# java asynchrone kommunikation



## Guest (14. Jan 2008)

wenn ich java programme haben, die miteinander kommunzieren sollen.
zb einen spielserver und dazugehörige clienten
wie kann ich da am besten eine asynchrone kommunikation realisieren.
hab schon an rmi gedacht, aber da ist es ja so, dass ich auch wieder nur eine frage und antwort prozdur an den server stellen kann. oder kann der server auch direkt methoden auf den clienten aufrufen?

an sockets habe ich auch schon gedacht, aber gibts da nichts einfacheres?


----------



## Niki (14. Jan 2008)

bei rmi kann der server auch dem client etwas schicken, das funktioniert über callback:
der client holt sich vom server das remote objekt und gibt ihm gleichzeitig ein remote objekt von sich selber mit, auf diesem objekt kann der server methoden auf dem client aufrufen.
wenn du sockets verwenden willst brauchst du wahrscheinlich einen thread, welcher nur für das lesen zuständig ist


----------



## Gast (14. Jan 2008)

danke niki, werd ich gleich mal ausprobieren.
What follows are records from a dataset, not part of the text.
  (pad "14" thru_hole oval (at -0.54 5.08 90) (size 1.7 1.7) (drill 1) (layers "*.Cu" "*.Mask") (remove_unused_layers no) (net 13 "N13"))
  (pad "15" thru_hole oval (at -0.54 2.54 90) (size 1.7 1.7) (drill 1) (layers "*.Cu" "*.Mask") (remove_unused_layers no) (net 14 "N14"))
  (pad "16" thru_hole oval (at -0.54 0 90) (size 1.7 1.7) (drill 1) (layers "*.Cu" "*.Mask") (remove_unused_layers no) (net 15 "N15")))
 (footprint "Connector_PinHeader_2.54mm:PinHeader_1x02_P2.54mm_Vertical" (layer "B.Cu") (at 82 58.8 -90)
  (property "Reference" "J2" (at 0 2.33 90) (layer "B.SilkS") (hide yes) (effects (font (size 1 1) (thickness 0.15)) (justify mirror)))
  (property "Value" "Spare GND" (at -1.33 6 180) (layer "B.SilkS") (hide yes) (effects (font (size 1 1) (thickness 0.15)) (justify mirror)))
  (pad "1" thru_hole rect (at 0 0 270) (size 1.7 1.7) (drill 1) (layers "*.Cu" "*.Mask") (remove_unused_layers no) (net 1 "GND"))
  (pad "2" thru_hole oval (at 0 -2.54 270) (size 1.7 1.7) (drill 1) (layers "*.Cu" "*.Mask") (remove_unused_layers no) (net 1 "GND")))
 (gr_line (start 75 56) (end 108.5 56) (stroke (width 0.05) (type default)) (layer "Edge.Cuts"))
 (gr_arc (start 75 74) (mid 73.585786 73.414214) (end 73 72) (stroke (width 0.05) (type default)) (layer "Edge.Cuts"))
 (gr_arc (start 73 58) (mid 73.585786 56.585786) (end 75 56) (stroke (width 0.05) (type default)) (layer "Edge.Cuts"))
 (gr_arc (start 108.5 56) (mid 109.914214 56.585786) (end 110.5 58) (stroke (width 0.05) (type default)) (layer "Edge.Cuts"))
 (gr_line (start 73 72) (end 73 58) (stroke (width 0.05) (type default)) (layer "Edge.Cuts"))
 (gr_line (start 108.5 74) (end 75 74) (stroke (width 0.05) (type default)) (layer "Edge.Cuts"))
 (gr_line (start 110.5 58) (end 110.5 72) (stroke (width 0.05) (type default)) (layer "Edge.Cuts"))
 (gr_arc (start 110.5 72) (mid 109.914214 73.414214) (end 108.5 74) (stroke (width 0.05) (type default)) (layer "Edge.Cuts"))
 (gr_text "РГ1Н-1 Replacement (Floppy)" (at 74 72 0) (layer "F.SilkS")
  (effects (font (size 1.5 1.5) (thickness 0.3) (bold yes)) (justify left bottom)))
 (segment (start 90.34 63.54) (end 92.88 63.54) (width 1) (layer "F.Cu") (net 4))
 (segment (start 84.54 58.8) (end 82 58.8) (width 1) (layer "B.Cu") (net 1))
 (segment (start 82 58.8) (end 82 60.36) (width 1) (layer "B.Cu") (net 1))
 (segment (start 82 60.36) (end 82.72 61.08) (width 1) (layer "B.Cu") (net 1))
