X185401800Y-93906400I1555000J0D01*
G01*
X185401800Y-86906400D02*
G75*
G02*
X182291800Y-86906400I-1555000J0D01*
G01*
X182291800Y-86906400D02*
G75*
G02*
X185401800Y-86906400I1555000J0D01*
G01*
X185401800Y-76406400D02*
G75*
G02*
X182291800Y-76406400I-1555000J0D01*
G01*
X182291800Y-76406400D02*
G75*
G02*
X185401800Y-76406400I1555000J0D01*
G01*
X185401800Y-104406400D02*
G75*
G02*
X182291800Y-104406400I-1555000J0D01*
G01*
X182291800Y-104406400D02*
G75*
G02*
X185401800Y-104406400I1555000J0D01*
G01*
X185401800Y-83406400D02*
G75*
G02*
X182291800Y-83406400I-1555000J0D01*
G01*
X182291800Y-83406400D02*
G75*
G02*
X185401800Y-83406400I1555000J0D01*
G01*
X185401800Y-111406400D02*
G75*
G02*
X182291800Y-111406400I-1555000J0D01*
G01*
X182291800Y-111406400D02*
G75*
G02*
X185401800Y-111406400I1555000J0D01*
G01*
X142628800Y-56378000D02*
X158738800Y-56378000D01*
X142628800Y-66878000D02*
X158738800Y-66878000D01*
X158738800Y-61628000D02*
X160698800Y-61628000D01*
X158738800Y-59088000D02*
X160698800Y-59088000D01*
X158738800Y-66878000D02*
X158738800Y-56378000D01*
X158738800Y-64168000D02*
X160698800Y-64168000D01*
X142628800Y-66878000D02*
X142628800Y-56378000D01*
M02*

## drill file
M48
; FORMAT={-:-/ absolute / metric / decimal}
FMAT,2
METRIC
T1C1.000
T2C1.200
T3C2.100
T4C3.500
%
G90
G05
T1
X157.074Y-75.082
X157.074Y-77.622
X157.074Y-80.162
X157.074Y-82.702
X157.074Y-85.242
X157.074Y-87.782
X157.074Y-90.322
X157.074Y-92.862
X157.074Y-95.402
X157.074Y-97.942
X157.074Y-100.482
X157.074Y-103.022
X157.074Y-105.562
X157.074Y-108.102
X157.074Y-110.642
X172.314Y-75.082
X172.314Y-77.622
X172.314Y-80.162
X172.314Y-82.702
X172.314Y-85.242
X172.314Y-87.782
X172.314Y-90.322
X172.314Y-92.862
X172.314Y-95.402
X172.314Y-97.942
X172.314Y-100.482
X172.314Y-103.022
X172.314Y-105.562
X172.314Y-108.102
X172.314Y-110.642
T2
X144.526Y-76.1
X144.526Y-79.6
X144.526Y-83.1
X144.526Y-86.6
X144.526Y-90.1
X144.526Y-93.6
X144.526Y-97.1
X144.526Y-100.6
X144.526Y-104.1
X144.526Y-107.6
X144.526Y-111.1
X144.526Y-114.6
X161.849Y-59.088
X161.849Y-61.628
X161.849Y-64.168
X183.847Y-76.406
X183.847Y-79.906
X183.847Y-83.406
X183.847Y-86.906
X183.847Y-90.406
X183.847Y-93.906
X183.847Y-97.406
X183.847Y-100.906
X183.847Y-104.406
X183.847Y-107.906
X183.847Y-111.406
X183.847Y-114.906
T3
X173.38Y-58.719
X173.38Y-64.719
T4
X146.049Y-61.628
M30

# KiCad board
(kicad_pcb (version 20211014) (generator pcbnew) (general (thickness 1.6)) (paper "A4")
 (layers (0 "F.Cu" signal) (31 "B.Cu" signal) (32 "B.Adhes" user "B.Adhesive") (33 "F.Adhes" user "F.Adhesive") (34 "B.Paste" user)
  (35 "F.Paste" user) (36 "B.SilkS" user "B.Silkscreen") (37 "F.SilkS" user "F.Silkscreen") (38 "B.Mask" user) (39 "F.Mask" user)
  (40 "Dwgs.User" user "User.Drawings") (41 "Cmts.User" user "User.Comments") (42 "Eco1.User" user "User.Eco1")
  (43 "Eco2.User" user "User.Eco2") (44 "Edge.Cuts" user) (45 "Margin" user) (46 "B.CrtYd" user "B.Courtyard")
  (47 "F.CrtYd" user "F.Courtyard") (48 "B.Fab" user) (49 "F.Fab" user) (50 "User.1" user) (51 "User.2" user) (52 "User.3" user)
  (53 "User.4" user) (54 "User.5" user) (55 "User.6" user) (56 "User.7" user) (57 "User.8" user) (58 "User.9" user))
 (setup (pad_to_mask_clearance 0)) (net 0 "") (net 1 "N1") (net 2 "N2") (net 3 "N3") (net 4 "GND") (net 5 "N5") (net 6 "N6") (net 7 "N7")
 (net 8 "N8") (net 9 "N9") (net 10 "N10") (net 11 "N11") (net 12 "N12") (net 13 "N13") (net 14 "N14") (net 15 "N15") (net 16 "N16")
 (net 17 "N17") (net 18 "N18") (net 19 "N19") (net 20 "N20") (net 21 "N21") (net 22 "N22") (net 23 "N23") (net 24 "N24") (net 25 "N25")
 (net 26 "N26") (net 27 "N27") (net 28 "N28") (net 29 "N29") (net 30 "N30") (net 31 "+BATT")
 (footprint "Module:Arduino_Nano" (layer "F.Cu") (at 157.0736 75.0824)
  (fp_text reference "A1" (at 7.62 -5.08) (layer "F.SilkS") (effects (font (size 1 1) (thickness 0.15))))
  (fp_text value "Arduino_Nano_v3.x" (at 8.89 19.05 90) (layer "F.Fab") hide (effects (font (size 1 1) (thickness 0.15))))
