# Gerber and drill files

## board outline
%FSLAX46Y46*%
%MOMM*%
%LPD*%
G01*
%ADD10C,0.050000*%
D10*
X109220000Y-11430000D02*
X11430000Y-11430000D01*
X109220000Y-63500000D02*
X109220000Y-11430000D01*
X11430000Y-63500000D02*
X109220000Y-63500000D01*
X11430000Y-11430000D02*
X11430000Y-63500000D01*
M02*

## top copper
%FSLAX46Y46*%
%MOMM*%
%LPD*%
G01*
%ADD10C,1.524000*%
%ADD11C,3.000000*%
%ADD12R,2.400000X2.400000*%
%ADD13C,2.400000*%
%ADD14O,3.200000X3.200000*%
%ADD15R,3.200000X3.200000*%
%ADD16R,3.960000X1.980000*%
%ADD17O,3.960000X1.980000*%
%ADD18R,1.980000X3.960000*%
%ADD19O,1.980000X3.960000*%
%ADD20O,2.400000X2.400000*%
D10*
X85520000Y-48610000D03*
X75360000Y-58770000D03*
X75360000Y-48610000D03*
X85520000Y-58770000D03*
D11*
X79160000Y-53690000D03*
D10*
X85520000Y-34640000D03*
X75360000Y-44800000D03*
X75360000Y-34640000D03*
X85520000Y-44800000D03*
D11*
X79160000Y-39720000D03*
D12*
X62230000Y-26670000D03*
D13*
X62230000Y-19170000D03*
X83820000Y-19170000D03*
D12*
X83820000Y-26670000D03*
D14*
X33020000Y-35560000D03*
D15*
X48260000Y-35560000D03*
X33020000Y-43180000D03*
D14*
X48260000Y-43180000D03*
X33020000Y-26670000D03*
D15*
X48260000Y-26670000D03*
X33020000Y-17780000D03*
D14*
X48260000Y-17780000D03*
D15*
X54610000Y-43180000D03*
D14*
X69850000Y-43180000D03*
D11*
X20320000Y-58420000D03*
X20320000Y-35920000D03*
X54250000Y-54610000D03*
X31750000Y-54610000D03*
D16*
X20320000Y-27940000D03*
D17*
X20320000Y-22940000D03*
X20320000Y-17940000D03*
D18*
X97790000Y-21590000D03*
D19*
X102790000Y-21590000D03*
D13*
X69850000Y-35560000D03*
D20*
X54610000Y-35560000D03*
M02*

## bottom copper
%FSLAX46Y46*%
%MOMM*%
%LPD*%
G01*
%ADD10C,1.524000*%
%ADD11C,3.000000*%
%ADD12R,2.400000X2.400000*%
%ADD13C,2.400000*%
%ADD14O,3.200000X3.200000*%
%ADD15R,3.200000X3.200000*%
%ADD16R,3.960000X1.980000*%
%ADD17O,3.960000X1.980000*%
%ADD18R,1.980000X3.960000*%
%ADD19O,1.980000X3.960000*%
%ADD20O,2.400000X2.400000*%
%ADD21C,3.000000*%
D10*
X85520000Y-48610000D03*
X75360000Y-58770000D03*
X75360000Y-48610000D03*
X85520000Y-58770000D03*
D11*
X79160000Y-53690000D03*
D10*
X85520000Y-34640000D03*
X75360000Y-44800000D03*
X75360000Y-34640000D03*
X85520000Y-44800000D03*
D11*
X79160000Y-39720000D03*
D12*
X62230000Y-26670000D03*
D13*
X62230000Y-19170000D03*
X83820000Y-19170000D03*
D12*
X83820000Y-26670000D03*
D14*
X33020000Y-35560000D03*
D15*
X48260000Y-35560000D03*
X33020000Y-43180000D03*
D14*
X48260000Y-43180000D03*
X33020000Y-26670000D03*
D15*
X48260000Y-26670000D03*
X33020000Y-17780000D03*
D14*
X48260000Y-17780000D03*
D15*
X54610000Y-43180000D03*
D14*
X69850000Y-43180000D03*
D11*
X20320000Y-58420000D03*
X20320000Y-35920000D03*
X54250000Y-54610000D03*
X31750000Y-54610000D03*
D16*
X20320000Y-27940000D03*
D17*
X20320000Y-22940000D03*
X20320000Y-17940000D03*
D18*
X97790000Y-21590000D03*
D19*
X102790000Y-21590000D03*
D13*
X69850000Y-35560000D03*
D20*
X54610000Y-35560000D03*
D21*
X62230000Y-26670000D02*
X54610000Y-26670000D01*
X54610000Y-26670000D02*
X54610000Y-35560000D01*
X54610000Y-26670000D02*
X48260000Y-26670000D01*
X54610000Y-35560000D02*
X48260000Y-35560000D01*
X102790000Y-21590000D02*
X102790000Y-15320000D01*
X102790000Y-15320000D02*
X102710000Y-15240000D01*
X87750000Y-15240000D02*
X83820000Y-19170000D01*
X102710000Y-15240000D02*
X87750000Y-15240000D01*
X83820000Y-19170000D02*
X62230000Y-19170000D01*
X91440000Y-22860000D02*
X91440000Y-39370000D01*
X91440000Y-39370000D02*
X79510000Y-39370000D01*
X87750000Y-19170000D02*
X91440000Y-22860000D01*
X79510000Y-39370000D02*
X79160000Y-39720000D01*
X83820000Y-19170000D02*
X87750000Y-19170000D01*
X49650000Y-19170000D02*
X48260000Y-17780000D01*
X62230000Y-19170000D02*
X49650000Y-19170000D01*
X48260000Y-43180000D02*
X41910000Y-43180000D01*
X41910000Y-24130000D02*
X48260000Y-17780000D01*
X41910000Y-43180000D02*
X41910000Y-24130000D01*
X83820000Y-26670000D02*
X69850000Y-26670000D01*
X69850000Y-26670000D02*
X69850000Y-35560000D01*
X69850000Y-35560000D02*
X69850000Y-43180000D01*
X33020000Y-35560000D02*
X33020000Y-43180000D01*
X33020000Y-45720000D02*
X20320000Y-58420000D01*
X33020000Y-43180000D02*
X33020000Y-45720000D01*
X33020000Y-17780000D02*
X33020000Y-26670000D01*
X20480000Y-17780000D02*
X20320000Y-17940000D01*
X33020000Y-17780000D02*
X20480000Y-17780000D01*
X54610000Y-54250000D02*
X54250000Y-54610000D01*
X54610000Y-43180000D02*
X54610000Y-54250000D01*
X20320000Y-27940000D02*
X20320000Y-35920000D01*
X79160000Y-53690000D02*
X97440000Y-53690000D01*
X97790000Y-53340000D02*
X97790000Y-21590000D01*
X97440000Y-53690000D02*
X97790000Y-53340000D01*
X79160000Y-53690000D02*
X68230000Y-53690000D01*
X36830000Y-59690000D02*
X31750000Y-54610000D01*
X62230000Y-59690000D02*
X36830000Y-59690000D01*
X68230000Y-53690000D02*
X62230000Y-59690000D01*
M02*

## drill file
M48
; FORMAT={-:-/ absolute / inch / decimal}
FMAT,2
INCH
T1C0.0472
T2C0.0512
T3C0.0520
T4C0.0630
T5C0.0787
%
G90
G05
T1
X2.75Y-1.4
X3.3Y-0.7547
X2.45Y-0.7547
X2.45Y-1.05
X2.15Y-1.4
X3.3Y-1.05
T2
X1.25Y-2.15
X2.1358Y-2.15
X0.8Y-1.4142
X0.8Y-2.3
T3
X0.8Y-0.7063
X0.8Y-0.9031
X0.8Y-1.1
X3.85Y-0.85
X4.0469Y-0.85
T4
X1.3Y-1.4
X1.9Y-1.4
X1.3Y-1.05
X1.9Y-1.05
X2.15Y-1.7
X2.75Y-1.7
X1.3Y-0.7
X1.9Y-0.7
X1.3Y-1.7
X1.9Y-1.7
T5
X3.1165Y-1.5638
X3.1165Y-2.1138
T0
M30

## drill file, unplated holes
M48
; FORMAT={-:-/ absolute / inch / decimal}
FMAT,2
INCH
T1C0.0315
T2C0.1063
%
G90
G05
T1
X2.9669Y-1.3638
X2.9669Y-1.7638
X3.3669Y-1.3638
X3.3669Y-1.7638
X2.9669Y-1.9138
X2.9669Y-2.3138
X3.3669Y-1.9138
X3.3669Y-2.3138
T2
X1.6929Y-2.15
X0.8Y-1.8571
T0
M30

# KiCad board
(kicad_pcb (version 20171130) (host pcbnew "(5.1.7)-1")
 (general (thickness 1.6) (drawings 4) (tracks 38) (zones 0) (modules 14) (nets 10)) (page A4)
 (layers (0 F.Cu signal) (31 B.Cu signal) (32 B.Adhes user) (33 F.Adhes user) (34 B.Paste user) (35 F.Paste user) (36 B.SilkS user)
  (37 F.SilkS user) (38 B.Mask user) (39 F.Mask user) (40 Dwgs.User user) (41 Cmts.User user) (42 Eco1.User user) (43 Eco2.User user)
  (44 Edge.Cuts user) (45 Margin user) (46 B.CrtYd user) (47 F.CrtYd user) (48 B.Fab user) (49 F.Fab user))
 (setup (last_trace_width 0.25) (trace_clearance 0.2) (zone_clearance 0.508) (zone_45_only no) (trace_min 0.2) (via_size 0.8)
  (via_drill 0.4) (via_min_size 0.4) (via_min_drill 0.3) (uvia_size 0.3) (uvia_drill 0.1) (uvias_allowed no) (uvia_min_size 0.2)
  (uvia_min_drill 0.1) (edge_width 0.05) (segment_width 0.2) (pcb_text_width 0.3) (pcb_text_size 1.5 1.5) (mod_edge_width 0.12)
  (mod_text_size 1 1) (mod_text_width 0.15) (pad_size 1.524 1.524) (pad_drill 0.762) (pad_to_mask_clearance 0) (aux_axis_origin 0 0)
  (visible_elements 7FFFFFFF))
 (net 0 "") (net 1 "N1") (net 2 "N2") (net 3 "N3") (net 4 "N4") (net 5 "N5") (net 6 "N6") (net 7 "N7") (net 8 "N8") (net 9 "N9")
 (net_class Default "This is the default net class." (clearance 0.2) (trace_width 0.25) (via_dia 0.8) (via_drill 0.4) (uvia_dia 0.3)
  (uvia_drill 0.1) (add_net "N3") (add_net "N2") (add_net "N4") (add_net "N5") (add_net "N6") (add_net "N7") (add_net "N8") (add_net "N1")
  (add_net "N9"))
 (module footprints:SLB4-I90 (layer F.Cu) (at 73.66 59.69)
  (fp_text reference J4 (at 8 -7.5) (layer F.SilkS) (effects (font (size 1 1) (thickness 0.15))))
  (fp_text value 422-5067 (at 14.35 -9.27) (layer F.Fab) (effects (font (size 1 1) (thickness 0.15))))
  (pad "" np_thru_hole circle (at 11.86 -11.08) (size 1.524 1.524) (drill 0.8) (layers *.Cu *.Mask))
  (pad "" np_thru_hole circle (at 1.7 -0.92) (size 1.524 1.524) (drill 0.8) (layers *.Cu *.Mask))
  (pad "" np_thru_hole circle (at 1.7 -11.08) (size 1.524 1.524) (drill 0.8) (layers *.Cu *.Mask))
  (pad "" np_thru_hole circle (at 11.86 -0.92) (size 1.524 1.524) (drill 0.8) (layers *.Cu *.Mask))
  (pad 1 thru_hole circle (at 5.5 -6) (size 3 3) (drill 2) (layers *.Cu *.Mask) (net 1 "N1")))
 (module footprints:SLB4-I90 (layer F.Cu) (at 73.66 45.72)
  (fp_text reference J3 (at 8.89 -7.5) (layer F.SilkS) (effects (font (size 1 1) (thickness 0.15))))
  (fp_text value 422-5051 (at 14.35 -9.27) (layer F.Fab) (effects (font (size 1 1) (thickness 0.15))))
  (pad "" np_thru_hole circle (at 11.86 -11.08) (size 1.524 1.524) (drill 0.8) (layers *.Cu *.Mask))
  (pad "" np_thru_hole circle (at 1.7 -0.92) (size 1.524 1.524) (drill 0.8) (layers *.Cu *.Mask))
  (pad "" np_thru_hole circle (at 1.7 -11.08) (size 1.524 1.524) (drill 0.8) (layers *.Cu *.Mask))
  (pad "" np_thru_hole circle (at 11.86 -0.92) (size 1.524 1.524) (drill 0.8) (layers *.Cu *.Mask))
  (pad 1 thru_hole circle (at 5.5 -6) (size 3 3) (drill 2) (layers *.Cu *.Mask) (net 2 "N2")))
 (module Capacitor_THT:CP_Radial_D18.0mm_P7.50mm (layer F.Cu) (at 62.23 26.67 90)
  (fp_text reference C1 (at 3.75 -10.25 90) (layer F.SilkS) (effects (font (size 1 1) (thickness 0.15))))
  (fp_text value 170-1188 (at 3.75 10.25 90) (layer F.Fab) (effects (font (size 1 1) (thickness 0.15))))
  (pad 1 thru_hole rect (at 0 0 90) (size 2.4 2.4) (drill 1.2) (layers *.Cu *.Mask) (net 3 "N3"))
  (pad 2 thru_hole circle (at 7.5 0 90) (size 2.4 2.4) (drill 1.2) (layers *.Cu *.Mask) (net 2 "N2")))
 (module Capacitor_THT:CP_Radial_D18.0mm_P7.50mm (layer F.Cu) (at 83.82 26.67 90)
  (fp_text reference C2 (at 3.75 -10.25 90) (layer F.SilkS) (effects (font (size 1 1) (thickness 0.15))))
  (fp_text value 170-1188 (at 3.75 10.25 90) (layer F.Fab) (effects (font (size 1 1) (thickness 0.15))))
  (pad 2 thru_hole circle (at 7.5 0 90) (size 2.4 2.4) (drill 1.2) (layers *.Cu *.Mask) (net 2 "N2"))
  (pad 1 thru_hole rect (at 0 0 90) (size 2.4 2.4) (drill 1.2) (layers *.Cu *.Mask) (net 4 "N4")))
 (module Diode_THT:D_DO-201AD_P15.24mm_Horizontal (layer F.Cu) (at 48.26 35.56 180)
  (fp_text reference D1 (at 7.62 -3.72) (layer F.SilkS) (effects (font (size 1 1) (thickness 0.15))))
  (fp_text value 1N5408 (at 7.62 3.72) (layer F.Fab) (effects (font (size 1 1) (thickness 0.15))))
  (pad 2 thru_hole oval (at 15.24 0 180) (size 3.2 3.2) (drill 1.6) (layers *.Cu *.Mask) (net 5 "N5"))
  (pad 1 thru_hole rect (at 0 0 180) (size 3.2 3.2) (drill 1.6) (layers *.Cu *.Mask) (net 3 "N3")))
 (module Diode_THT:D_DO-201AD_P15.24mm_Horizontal (layer F.Cu) (at 33.02 43.18)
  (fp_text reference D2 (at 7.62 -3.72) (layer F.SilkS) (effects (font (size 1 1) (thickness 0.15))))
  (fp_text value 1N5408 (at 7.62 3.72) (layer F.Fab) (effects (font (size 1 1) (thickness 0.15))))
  (pad 1 thru_hole rect (at 0 0) (size 3.2 3.2) (drill 1.6) (layers *.Cu *.Mask) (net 5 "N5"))
  (pad 2 thru_hole oval (at 15.24 0) (size 3.2 3.2) (drill 1.6) (layers *.Cu *.Mask) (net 2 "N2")))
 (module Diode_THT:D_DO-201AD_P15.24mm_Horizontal (layer F.Cu) (at 48.26 26.67 180)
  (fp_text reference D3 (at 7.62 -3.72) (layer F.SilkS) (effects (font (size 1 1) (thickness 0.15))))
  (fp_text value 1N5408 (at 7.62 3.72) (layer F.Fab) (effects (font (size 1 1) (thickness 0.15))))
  (pad 2 thru_hole oval (at 15.24 0 180) (size 3.2 3.2) (drill 1.6) (layers *.Cu *.Mask) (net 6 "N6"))
  (pad 1 thru_hole rect (at 0 0 180) (size 3.2 3.2) (drill 1.6) (layers *.Cu *.Mask) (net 3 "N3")))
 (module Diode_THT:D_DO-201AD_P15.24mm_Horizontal (layer F.Cu) (at 33.02 17.78)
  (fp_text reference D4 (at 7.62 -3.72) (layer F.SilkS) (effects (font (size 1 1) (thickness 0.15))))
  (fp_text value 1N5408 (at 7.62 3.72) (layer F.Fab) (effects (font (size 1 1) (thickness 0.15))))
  (pad 1 thru_hole rect (at 0 0) (size 3.2 3.2) (drill 1.6) (layers *.Cu *.Mask) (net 6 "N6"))
  (pad 2 thru_hole oval (at 15.24 0) (size 3.2 3.2) (drill 1.6) (layers *.Cu *.Mask) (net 2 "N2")))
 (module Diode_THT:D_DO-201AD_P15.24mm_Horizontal (layer F.Cu) (at 54.61 43.18)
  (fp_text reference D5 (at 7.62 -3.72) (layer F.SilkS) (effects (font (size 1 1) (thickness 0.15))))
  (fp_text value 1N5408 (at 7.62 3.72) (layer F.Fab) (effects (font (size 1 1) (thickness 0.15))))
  (pad 1 thru_hole rect (at 0 0) (size 3.2 3.2) (drill 1.6) (layers *.Cu *.Mask) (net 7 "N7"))
  (pad 2 thru_hole oval (at 15.24 0) (size 3.2 3.2) (drill 1.6) (layers *.Cu *.Mask) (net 4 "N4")))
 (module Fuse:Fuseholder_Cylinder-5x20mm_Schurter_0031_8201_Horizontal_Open (layer F.Cu) (at 20.32 58.42 90)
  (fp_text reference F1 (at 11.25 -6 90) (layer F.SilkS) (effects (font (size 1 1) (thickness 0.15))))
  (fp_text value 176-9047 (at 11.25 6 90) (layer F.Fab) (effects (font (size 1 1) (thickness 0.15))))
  (pad 1 thru_hole circle (at 0 0 90) (size 3 3) (drill 1.3) (layers *.Cu *.Mask) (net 5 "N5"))
  (pad 2 thru_hole circle (at 22.5 0 90) (size 3 3) (drill 1.3) (layers *.Cu *.Mask) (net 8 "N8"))
  (pad "" np_thru_hole circle (at 11.25 0 90) (size 2.7 2.7) (drill 2.7) (layers *.Cu *.Mask)))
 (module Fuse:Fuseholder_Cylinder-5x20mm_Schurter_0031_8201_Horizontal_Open (layer F.Cu) (at 31.75 54.61)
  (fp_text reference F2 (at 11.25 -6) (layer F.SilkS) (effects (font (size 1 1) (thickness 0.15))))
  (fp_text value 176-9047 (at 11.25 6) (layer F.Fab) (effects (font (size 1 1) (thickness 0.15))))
man hört immer das rmi langsam sein soll. kann mir das wer bestätigen oder was bedeutet langsam? einen setString("Test") Aufruf übers Internet, wie lange dauert sowas ungefähr?

welche technologien gäbe es sonst noch ausser rmi und threads?
webservices? oder ist das sowieso synchron?

danke für die hilfe


----------



## Niki (14. Jan 2008)

Naja, WebServices sind zwar synchron, man kann sie aber auch asynchron programmieren, indem man einfach eine Methode für den Request und eine Methode für den Response aufruft. Die Response Methode kann dann in einem eigenen Thread aufgerufen werden. Natürlich müssen Request und Response Methode irgendwie verbunden werden (über generierte ID zum Beispiel, die beim request zurück gegeben wird und beim Response mitübergeben wird)
Ich habe bis jetzt nicht die Erfahrung gemacht dass rmi langsam wäre. WebServices sind glaub ich langsamer, zumindest bei großen Datenmengen, da die Objekte ja als xml serialisiert/deserialisiert werden müssen.
Wenn die Kommunikation nicht sehr aufwendig ist würde ich dir Sockets empfehlen, ansonsten rmi.


----------



## tfa (14. Jan 2008)

Sockets sind wesentliche einfacher als RMI, besonders wenn man es asynchron haben möchte.


----------



## tuxedo (14. Jan 2008)

Gast hat gesagt.:
			
		

> man hört immer das rmi langsam sein soll. kann mir das wer bestätigen oder was bedeutet langsam? einen setString("Test") Aufruf übers Internet, wie lange dauert sowas ungefähr?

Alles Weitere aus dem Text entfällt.